Video Guide
I prepared a detailed guide explaining how to set up and implement this scenario, enabling you to chat with your documents stored in Supabase using n8n.
Youtube Link
Who is this for?
This workflow is ideal for researchers, analysts, business owners, or anyone managing a large collection of documents. It's particularly beneficial for those who need quick contextual information retrieval from text-heavy files stored in Supabase, without needing additional services like Google Drive.
What problem does this workflow solve?
Manually retrieving and analyzing specific information from large document repositories is time-consuming and inefficient. This workflow automates the process by vectorizing documents and enabling AI-powered interactions, making it easy to query and retrieve context-based information from uploaded files.
What this workflow does
The workflow integrates Supabase with an AI-powered chatbot to process, store, and query text and PDF files. The steps include:
- Fetching and comparing files to avoid duplicate processing.
- Handling file downloads and extracting content based on the file type.
- Converting documents into vectorized data for contextual information retrieval.

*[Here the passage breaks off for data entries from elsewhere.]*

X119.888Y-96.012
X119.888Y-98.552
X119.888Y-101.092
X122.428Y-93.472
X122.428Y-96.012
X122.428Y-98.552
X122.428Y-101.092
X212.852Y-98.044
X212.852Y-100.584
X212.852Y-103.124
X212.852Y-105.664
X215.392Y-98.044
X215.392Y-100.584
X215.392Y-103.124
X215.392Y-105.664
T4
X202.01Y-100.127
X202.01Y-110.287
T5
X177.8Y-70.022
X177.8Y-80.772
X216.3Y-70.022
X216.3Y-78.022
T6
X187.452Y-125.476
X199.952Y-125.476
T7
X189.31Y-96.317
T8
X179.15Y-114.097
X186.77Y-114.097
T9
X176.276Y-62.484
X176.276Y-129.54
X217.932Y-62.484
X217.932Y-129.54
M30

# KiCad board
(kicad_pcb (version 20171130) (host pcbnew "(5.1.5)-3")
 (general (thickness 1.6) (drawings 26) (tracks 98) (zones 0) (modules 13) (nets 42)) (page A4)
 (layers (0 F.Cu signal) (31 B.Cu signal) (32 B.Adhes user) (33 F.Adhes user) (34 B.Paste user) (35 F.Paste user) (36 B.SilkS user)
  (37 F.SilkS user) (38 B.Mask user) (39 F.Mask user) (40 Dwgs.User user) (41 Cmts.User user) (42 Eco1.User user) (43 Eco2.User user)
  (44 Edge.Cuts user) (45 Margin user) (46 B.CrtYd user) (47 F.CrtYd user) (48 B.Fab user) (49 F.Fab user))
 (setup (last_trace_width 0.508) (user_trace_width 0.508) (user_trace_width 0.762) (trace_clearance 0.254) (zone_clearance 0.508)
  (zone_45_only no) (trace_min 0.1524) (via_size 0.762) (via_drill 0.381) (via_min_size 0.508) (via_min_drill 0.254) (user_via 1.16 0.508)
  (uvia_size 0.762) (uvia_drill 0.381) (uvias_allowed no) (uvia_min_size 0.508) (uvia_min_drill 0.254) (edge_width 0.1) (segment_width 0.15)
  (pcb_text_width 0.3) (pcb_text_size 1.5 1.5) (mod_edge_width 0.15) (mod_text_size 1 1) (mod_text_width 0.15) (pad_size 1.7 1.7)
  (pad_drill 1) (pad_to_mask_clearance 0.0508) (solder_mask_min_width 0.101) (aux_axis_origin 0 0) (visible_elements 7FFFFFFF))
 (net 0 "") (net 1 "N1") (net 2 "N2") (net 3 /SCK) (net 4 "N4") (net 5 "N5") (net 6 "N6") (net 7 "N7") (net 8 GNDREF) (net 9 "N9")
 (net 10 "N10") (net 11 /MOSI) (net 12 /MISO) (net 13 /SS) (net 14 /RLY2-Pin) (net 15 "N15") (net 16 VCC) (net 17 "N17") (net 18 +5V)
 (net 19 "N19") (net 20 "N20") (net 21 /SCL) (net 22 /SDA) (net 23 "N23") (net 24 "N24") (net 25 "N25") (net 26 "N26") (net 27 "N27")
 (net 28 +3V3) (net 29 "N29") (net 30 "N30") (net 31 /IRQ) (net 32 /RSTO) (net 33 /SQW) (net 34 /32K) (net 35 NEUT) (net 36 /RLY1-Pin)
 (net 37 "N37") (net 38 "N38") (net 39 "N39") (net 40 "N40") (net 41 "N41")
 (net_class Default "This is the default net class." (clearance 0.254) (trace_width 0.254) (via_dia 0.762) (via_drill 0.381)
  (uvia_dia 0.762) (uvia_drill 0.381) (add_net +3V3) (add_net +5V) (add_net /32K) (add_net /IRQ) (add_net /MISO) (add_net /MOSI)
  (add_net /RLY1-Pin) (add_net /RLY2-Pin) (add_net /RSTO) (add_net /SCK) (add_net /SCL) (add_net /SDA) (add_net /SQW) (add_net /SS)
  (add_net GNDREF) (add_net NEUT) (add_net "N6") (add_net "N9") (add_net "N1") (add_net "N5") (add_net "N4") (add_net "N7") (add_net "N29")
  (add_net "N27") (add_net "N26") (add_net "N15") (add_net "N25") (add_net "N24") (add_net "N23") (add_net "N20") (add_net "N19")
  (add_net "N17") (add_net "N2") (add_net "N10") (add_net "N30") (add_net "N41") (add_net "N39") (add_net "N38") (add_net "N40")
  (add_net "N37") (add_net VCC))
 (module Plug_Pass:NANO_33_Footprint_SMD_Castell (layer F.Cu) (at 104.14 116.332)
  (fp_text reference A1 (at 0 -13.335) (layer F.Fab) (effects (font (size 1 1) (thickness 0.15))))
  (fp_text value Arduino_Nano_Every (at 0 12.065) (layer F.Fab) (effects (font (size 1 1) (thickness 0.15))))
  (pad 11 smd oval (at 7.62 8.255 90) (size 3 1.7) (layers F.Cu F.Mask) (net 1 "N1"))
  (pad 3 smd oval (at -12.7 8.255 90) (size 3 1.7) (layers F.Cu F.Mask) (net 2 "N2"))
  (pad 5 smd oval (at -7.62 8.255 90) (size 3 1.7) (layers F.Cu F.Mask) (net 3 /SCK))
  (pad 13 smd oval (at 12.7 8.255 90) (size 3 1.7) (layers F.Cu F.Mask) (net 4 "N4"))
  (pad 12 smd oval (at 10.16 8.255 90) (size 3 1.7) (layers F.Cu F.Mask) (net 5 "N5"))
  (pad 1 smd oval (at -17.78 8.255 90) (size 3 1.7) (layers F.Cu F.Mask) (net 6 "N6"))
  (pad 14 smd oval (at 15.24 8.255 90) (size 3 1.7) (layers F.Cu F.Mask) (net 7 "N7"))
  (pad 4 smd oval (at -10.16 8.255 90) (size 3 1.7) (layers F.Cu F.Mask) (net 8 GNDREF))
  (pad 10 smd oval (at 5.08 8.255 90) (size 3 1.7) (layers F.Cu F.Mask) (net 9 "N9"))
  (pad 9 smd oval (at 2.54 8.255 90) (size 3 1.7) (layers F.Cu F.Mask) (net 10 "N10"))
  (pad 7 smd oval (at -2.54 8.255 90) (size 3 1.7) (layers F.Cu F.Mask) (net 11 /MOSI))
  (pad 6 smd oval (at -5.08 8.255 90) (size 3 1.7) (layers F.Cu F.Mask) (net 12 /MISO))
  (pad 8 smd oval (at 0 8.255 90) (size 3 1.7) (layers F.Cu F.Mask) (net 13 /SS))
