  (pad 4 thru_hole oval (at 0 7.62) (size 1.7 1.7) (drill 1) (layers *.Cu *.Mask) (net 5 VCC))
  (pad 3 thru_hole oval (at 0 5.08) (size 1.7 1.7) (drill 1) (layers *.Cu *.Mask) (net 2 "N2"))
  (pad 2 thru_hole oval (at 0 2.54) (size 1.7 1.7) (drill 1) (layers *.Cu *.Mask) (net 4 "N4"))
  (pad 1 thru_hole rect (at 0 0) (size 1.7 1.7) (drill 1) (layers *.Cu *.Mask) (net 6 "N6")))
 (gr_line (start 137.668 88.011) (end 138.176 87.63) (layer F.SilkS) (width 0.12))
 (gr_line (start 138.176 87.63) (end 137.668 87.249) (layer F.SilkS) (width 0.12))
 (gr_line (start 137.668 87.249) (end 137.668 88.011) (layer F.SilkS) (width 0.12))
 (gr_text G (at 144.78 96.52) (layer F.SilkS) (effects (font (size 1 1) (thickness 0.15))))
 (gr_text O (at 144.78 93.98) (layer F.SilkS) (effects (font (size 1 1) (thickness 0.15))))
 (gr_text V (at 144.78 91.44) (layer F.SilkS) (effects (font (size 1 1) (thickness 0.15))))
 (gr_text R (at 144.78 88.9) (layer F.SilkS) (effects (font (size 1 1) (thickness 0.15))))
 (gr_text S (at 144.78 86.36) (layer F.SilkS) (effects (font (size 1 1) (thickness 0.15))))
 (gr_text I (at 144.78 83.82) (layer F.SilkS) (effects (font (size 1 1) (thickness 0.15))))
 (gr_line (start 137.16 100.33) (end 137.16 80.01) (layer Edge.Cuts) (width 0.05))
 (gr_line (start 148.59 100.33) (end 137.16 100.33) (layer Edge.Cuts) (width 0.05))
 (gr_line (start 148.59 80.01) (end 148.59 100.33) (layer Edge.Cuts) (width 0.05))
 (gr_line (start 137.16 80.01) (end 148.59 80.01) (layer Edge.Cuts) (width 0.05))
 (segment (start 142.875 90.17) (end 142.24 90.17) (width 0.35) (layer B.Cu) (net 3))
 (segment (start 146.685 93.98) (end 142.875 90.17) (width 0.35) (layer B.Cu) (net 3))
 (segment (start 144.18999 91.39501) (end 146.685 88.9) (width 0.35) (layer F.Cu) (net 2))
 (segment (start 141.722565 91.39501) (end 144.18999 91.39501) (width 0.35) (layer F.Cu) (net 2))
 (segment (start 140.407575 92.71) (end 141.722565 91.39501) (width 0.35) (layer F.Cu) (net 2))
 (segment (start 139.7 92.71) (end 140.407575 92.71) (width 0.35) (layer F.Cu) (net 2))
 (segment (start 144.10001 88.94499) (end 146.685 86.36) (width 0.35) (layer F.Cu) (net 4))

- Storing and querying vectorized data from a Supabase vector store.
- File Extraction and Processing: Automates handling of multiple file formats (e.g., PDFs, text files), and extracts document content.
- Vectorized Embeddings Creation: Generates embeddings for processed data to enable AI-driven interactions.

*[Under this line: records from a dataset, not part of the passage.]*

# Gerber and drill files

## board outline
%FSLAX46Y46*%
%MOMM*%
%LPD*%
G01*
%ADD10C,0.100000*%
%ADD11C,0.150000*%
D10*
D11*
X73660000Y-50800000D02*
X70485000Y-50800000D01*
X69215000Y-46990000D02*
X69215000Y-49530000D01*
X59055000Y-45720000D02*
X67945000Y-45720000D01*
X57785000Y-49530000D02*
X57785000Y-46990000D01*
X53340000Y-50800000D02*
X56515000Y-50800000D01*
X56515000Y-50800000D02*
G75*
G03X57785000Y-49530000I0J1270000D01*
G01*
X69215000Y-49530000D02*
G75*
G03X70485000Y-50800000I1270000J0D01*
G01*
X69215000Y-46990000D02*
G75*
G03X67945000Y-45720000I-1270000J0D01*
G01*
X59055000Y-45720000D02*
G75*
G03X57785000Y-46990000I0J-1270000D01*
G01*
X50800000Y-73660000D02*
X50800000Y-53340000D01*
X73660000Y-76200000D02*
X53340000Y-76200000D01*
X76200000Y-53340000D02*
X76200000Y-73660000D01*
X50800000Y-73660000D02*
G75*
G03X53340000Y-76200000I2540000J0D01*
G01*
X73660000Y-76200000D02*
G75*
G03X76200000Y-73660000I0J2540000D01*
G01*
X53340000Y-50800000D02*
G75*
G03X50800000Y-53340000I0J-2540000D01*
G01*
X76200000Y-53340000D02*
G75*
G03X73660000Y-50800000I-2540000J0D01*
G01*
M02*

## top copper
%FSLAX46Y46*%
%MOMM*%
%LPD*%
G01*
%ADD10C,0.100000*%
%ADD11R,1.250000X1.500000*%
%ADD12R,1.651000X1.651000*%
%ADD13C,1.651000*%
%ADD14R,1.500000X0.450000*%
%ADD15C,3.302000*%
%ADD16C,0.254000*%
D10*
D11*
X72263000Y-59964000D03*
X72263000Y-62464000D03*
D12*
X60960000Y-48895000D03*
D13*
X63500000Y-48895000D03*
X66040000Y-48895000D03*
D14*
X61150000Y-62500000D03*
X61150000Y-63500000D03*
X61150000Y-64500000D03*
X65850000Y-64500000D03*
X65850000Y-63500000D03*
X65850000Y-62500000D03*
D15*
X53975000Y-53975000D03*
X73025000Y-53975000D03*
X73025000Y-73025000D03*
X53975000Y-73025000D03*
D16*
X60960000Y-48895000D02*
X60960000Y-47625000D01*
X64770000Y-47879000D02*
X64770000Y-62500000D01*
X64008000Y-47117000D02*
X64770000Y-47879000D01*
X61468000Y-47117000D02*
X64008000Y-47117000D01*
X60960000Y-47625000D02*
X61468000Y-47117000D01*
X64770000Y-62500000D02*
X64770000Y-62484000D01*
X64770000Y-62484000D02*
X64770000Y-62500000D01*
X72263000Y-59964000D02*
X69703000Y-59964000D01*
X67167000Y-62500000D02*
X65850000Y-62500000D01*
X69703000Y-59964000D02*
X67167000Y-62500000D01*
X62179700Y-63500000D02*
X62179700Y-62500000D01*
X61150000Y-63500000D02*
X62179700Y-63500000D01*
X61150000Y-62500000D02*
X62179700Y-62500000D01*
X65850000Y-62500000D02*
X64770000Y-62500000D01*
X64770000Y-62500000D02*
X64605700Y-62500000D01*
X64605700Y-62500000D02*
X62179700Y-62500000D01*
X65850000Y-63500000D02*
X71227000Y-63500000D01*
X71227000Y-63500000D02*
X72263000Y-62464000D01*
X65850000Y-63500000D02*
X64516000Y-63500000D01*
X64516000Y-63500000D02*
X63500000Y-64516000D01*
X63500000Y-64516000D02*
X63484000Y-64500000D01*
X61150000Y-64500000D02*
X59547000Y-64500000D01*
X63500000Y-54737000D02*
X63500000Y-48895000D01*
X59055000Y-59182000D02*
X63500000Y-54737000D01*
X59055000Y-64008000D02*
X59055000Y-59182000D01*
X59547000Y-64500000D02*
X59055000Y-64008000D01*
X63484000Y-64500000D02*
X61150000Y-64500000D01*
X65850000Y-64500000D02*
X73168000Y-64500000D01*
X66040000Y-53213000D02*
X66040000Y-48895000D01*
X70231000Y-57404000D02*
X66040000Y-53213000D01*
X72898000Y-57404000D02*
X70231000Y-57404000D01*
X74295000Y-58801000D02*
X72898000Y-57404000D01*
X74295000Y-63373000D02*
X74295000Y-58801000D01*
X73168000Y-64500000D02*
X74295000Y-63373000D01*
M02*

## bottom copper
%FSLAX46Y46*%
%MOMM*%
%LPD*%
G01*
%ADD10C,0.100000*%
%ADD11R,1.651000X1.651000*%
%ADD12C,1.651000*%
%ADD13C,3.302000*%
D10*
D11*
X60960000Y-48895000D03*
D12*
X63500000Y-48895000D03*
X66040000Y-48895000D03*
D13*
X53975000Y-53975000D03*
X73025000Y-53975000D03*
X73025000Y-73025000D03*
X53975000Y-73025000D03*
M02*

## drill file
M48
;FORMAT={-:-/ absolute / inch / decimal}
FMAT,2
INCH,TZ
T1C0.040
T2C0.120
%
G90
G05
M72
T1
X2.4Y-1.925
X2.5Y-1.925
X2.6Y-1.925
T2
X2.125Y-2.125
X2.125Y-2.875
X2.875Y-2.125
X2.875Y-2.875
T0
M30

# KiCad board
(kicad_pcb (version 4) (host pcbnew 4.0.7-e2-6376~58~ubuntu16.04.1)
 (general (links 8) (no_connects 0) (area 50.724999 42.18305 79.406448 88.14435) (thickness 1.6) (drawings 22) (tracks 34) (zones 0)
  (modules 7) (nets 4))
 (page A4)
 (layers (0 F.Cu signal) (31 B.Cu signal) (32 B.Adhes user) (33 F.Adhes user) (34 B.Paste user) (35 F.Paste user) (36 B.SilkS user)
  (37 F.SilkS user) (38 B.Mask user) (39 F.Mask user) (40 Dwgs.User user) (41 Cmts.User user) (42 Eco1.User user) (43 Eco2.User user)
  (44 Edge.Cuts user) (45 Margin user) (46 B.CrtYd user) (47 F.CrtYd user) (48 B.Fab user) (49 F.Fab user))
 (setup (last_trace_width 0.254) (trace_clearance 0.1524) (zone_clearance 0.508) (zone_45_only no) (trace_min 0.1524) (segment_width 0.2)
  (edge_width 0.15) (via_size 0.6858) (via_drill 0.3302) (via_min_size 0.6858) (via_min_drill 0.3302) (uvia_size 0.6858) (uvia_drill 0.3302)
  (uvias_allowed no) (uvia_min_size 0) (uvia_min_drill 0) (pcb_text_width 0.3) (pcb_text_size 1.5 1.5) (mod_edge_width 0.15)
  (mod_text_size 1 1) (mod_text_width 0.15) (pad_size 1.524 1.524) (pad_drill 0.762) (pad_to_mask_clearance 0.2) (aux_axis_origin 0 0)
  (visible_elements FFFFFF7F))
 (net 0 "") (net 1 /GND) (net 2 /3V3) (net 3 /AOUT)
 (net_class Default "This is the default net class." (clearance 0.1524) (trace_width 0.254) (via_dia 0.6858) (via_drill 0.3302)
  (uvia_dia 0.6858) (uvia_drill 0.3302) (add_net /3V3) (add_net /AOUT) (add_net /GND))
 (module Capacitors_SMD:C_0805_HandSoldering (layer F.Cu) (at 72.263 61.214 270)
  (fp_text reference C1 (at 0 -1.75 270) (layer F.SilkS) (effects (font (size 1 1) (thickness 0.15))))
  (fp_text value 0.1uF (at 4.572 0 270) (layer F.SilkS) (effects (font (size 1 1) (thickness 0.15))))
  (pad 1 smd rect (at -1.25 0 270) (size 1.5 1.25) (layers F.Cu F.Paste F.Mask) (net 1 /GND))
  (pad 2 smd rect (at 1.25 0 270) (size 1.5 1.25) (layers F.Cu F.Paste F.Mask) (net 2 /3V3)))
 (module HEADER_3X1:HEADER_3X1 (layer F.Cu) (at 63.5 48.895)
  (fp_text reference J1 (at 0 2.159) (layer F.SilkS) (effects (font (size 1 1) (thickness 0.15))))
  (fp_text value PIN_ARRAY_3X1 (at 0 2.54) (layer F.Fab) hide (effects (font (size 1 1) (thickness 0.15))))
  (pad 1 thru_hole rect (at -2.54 0) (size 1.651 1.651) (drill 1.016) (layers *.Cu *.Mask) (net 1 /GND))
  (pad 2 thru_hole circle (at 0 0) (size 1.651 1.651) (drill 1.016) (layers *.Cu *.Mask) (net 2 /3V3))
  (pad 3 thru_hole circle (at 2.54 0) (size 1.651 1.651) (drill 1.016) (layers *.Cu *.Mask) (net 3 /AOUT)))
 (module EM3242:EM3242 (layer F.Cu) (at 63.5 63.5)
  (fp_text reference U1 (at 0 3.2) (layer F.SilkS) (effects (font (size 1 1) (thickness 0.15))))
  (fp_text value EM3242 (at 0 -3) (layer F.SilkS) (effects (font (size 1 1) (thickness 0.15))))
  (pad 1 smd rect (at -2.35 -1) (size 1.5 0.45) (layers F.Cu F.Paste F.Mask) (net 1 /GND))
  (pad 2 smd rect (at -2.35 0) (size 1.5 0.45) (layers F.Cu F.Paste F.Mask) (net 1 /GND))
  (pad 3 smd rect (at -2.35 1) (size 1.5 0.45) (layers F.Cu F.Paste F.Mask) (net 2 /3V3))
  (pad 4 smd rect (at 2.35 1) (size 1.5 0.45) (layers F.Cu F.Paste F.Mask) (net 3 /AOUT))
  (pad 5 smd rect (at 2.35 0) (size 1.5 0.45) (layers F.Cu F.Paste F.Mask) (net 2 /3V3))
  (pad 6 smd rect (at 2.35 -1) (size 1.5 0.45) (layers F.Cu F.Paste F.Mask) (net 1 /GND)))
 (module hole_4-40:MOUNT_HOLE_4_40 (layer F.Cu) (at 53.34 53.34)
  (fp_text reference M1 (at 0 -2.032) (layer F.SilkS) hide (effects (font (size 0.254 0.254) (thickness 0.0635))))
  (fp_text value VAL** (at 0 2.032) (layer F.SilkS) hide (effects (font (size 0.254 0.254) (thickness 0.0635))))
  (pad "" thru_hole circle (at 0.635 0.635) (size 3.302 3.302) (drill 3.048) (layers *.Cu *.SilkS *.Mask)))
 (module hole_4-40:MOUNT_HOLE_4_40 (layer F.Cu) (at 75.057 44.577)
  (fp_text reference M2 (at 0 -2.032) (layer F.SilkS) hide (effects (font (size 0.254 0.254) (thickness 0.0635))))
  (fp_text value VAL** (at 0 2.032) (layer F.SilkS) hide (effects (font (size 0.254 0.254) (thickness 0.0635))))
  (pad "" thru_hole circle (at -2.032 9.398) (size 3.302 3.302) (drill 3.048) (layers *.Cu *.SilkS *.Mask)))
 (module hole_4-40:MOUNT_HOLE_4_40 (layer F.Cu) (at 78.74 85.725)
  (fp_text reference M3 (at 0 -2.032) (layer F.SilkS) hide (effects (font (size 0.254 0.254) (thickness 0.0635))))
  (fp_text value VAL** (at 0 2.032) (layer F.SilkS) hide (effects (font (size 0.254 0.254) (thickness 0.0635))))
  (pad "" thru_hole circle (at -5.715 -12.7) (size 3.302 3.302) (drill 3.048) (layers *.Cu *.SilkS *.Mask)))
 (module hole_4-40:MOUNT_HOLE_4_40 (layer F.Cu) (at 52.324 85.09)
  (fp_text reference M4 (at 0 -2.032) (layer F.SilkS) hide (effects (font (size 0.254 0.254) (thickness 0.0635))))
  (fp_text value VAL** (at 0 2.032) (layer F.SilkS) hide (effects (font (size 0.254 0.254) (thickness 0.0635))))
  (pad "" thru_hole circle (at 1.651 -12.065) (size 3.302 3.302) (drill 3.048) (layers *.Cu *.SilkS *.Mask)))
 (gr_line (start 73.66 50.8) (end 70.485 50.8) (angle 90) (layer Edge.Cuts) (width 0.15))
 (gr_line (start 69.215 46.99) (end 69.215 49.53) (angle 90) (layer Edge.Cuts) (width 0.15))
 (gr_line (start 59.055 45.72) (end 67.945 45.72) (angle 90) (layer Edge.Cuts) (width 0.15))
 (gr_line (start 57.785 49.53) (end 57.785 46.99) (angle 90) (layer Edge.Cuts) (width 0.15))
 (gr_line (start 53.34 50.8) (end 56.515 50.8) (angle 90) (layer Edge.Cuts) (width 0.15))
 (gr_arc (start 56.515 49.53) (end 57.785 49.53) (angle 90) (layer Edge.Cuts) (width 0.15))
 (gr_arc (start 70.485 49.53) (end 70.485 50.8) (angle 90) (layer Edge.Cuts) (width 0.15))
 (gr_arc (start 67.945 46.99) (end 67.945 45.72) (angle 90) (layer Edge.Cuts) (width 0.15))
 (gr_arc (start 59.055 46.99) (end 57.785 46.99) (angle 90) (layer Edge.Cuts) (width 0.15))
 (gr_line (start 50.8 73.66) (end 50.8 53.34) (angle 90) (layer Edge.Cuts) (width 0.15))
 (gr_line (start 73.66 76.2) (end 53.34 76.2) (angle 90) (layer Edge.Cuts) (width 0.15))
 (gr_line (start 76.2 53.34) (end 76.2 73.66) (angle 90) (layer Edge.Cuts) (width 0.15))
 (gr_arc (start 53.34 73.66) (end 53.34 76.2) (angle 90) (layer Edge.Cuts) (width 0.15))
 (gr_arc (start 73.66 73.66) (end 76.2 73.66) (angle 90) (layer Edge.Cuts) (width 0.15))
 (gr_arc (start 53.34 53.34) (end 50.8 53.34) (angle 90) (layer Edge.Cuts) (width 0.15))
 (gr_arc (start 73.66 53.34) (end 73.66 50.8) (angle 90) (layer Edge.Cuts) (width 0.15))
 (segment (start 60.96 48.895) (end 60.96 47.625) (width 0.254) (layer F.Cu) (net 1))
 (segment (start 64.77 47.879) (end 64.77 62.5) (width 0.254) (layer F.Cu) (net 1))
 (segment (start 64.008 47.117) (end 64.77 47.879) (width 0.254) (layer F.Cu) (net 1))
 (segment (start 61.468 47.117) (end 64.008 47.117) (width 0.254) (layer F.Cu) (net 1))
 (segment (start 60.96 47.625) (end 61.468 47.117) (width 0.254) (layer F.Cu) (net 1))
 (segment (start 64.77 62.5) (end 64.77 62.484) (width 0.254) (layer F.Cu) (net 1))
 (segment (start 64.77 62.484) (end 64.77 62.5) (width 0.254) (layer F.Cu) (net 1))
 (segment (start 72.263 59.964) (end 69.703 59.964) (width 0.254) (layer F.Cu) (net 1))
 (segment (start 67.167 62.5) (end 65.85 62.5) (width 0.254) (layer F.Cu) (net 1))
 (segment (start 69.703 59.964) (end 67.167 62.5) (width 0.254) (layer F.Cu) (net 1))
 (segment (start 62.1797 63.5) (end 62.1797 62.5) (width 0.254) (layer F.Cu) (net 1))
 (segment (start 61.15 63.5) (end 62.1797 63.5) (width 0.254) (layer F.Cu) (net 1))
 (segment (start 61.15 62.5) (end 62.1797 62.5) (width 0.254) (layer F.Cu) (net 1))
 (segment (start 65.85 62.5) (end 64.77 62.5) (width 0.254) (layer F.Cu) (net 1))
 (segment (start 64.77 62.5) (end 64.6057 62.5) (width 0.254) (layer F.Cu) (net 1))
 (segment (start 64.6057 62.5) (end 62.1797 62.5) (width 0.254) (layer F.Cu) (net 1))
 (segment (start 65.85 63.5) (end 71.227 63.5) (width 0.254) (layer F.Cu) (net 2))
 (segment (start 71.227 63.5) (end 72.263 62.464) (width 0.254) (layer F.Cu) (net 2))
 (segment (start 65.85 63.5) (end 64.516 63.5) (width 0.254) (layer F.Cu) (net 2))
 (segment (start 64.516 63.5) (end 63.5 64.516) (width 0.254) (layer F.Cu) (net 2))
 (segment (start 63.5 64.516) (end 63.484 64.5) (width 0.254) (layer F.Cu) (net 2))
 (segment (start 61.15 64.5) (end 59.547 64.5) (width 0.254) (layer F.Cu) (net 2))
 (segment (start 63.5 54.737) (end 63.5 48.895) (width 0.254) (layer F.Cu) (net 2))
 (segment (start 59.055 59.182) (end 63.5 54.737) (width 0.254) (layer F.Cu) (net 2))
 (segment (start 59.055 64.008) (end 59.055 59.182) (width 0.254) (layer F.Cu) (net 2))
 (segment (start 59.547 64.5) (end 59.055 64.008) (width 0.254) (layer F.Cu) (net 2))
 (segment (start 63.484 64.5) (end 61.15 64.5) (width 0.254) (layer F.Cu) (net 2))
 (segment (start 65.85 64.5) (end 73.168 64.5) (width 0.254) (layer F.Cu) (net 3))
 (segment (start 66.04 53.213) (end 66.04 48.895) (width 0.254) (layer F.Cu) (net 3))
 (segment (start 70.231 57.404) (end 66.04 53.213) (width 0.254) (layer F.Cu) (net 3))
 (segment (start 72.898 57.404) (end 70.231 57.404) (width 0.254) (layer F.Cu) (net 3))
 (segment (start 74.295 58.801) (end 72.898 57.404) (width 0.254) (layer F.Cu) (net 3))
 (segment (start 74.295 63.373) (end 74.295 58.801) (width 0.254) (layer F.Cu) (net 3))
 (segment (start 73.168 64.5) (end 74.295 63.373) (width 0.254) (layer F.Cu) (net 3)))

- Dynamic Data Querying: Allows users to query their document repository conversationally using a chatbot.
Setup
N8N Workflow
-
Fetch File List from Supabase:
- Use Supabase to retrieve the stored file list from a specified bucket.
- Add logic to manage empty folder placeholders returned by Supabase, avoiding incorrect processing.
-
Compare and Filter Files:
- Aggregate the files retrieved from storage and compare them to the existing list in the Supabase
files
table.
- Exclude duplicates and skip placeholder files to ensure only unprocessed files are handled.
-
Handle File Downloads:
- Download new files using detailed storage configurations for public/private access.
- Adjust the storage settings and GET requests to match your Supabase setup.
-
File Type Processing:
- Use a Switch node to target specific file types (e.g., PDFs or text files).
- Employ relevant tools to process the content:
- For PDFs, extract embedded content.
- For text files, directly process the text data.
-
Content Chunking:
- Break large text data into smaller chunks using the Text Splitter node.
- Define chunk size (default: 500 tokens) and overlap to retain necessary context across chunks.
-
Vector Embedding Creation:
- Generate vectorized embeddings for the processed content using OpenAI's embedding tools.
- Ensure metadata, such as file ID, is included for easy data retrieval.
-
Store Vectorized Data:
- Save the vectorized information into a dedicated Supabase vector store.
- Use the default schema and table provided by Supabase for seamless setup.
-
AI Chatbot Integration:
- Add a chatbot node to handle user input and retrieve relevant document chunks.
- Use metadata like file ID for targeted queries, especially when multiple documents are involved.
Testing
- Upload sample files to your Supabase bucket.
- Verify if files are processed and stored successfully in the vector store.
- Ask simple conversational questions about your documents using the chatbot (e.g., "What does Chapter 1 say about the Roman Empire?").
- Test for accuracy and contextual relevance of retrieved results.